(Beginning of Given data)

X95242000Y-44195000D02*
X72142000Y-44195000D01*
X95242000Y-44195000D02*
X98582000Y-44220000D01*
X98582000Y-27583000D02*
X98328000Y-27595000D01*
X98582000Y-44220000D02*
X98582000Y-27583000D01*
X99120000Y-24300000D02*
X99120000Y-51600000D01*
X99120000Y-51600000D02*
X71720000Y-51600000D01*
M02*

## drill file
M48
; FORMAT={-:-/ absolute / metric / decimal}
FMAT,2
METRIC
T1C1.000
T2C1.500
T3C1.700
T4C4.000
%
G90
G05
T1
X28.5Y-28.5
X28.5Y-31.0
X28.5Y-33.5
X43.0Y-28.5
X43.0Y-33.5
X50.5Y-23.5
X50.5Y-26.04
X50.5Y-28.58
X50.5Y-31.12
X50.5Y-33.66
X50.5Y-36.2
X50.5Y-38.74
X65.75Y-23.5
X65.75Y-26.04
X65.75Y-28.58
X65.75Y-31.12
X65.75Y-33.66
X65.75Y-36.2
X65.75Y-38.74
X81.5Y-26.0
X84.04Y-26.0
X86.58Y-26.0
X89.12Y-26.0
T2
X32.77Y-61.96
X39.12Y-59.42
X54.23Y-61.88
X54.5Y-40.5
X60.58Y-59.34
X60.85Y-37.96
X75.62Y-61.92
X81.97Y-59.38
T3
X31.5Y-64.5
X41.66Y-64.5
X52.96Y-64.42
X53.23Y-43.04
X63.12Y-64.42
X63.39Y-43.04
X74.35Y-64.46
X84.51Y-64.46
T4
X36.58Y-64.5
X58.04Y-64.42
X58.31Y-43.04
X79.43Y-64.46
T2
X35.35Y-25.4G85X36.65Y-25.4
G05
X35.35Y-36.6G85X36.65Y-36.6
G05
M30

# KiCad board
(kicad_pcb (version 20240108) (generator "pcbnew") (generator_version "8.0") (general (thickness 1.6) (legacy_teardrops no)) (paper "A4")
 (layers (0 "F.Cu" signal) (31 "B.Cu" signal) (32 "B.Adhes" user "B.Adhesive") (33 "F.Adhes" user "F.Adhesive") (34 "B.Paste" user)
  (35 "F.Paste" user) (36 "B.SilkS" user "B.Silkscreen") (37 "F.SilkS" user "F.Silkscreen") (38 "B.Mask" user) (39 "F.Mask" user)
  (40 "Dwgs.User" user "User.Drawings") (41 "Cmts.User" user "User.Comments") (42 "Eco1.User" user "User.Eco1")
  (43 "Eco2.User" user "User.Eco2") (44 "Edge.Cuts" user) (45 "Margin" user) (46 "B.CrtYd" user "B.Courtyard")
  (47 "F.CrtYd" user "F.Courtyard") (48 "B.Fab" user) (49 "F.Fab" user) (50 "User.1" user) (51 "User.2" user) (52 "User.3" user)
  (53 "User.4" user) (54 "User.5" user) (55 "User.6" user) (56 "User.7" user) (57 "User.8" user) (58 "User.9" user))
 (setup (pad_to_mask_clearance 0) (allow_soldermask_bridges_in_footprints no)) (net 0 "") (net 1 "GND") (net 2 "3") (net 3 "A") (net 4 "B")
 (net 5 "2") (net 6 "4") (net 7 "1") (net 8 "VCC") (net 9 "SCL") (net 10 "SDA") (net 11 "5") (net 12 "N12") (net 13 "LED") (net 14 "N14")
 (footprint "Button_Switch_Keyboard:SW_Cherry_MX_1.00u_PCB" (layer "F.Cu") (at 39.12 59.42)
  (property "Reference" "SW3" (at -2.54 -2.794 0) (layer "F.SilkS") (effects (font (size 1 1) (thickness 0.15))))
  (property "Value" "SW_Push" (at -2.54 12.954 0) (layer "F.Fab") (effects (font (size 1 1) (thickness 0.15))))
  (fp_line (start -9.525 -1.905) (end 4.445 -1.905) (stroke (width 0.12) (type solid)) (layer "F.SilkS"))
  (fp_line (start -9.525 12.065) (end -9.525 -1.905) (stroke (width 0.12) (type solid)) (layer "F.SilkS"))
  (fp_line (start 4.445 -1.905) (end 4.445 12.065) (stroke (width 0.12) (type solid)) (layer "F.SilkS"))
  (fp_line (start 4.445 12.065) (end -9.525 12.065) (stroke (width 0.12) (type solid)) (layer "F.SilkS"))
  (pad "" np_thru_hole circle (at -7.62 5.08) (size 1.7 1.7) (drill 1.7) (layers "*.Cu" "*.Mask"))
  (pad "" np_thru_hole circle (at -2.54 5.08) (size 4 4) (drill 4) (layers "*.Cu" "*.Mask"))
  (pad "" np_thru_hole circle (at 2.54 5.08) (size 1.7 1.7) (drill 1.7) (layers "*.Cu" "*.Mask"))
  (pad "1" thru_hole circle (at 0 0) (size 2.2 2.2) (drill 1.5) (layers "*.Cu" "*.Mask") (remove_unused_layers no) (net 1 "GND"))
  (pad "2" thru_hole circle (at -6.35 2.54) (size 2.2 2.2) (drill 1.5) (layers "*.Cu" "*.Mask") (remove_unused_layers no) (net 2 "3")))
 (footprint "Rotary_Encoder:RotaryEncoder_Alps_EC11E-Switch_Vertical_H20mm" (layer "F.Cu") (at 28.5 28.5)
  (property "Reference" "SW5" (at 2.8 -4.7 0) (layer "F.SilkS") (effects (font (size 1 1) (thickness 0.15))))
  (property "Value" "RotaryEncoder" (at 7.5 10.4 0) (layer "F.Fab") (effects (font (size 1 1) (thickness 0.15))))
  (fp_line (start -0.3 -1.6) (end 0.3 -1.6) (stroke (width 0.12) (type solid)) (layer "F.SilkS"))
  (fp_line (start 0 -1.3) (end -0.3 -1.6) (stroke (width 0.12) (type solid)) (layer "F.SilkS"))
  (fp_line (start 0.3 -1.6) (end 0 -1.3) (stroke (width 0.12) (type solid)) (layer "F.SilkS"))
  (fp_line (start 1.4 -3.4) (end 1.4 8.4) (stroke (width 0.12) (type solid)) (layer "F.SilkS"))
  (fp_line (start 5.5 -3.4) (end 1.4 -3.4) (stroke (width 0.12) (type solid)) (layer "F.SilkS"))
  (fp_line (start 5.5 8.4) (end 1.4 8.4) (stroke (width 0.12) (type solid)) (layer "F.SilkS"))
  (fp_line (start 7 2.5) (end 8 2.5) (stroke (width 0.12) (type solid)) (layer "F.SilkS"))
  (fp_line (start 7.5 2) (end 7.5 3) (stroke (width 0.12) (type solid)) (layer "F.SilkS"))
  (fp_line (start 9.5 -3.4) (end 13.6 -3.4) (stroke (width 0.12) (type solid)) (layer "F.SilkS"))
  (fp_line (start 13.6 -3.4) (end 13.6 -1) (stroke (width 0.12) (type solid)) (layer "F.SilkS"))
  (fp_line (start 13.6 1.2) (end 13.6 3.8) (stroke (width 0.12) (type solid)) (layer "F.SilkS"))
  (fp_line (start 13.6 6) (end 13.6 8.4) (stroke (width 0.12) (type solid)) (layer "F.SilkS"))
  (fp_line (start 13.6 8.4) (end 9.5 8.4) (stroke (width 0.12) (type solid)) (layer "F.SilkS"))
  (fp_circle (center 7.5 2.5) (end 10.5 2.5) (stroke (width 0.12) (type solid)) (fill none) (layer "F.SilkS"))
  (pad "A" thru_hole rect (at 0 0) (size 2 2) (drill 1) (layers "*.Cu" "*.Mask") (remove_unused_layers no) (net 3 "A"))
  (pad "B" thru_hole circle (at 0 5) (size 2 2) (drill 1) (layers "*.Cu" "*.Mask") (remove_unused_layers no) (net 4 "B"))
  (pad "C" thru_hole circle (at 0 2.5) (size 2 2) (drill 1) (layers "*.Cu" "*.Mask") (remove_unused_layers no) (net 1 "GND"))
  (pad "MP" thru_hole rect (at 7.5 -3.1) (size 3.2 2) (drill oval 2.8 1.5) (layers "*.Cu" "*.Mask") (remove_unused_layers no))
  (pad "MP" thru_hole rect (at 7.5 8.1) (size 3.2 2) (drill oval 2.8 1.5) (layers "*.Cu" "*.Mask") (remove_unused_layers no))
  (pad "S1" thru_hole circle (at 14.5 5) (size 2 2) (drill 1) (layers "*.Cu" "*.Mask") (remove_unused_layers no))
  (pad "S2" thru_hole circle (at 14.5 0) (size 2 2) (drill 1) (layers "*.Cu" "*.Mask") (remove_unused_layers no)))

(End of Given data)

■ What needs to be done ■
Could you set down, word for word, only the lines above from the line with "X28.5Y-28.5" to the line with "X54.23Y-61.88", including both?

■ Exercise result ■
X28.5Y-28.5
X28.5Y-31.0
X28.5Y-33.5
X43.0Y-28.5
X43.0Y-33.5
X50.5Y-23.5
X50.5Y-26.04
X50.5Y-28.58
X50.5Y-31.12
X50.5Y-33.66
X50.5Y-36.2
X50.5Y-38.74
X65.75Y-23.5
X65.75Y-26.04
X65.75Y-28.58
X65.75Y-31.12
X65.75Y-33.66
X65.75Y-36.2
X65.75Y-38.74
X81.5Y-26.0
X84.04Y-26.0
X86.58Y-26.0
X89.12Y-26.0
T2
X32.77Y-61.96
X39.12Y-59.42
X54.23Y-61.88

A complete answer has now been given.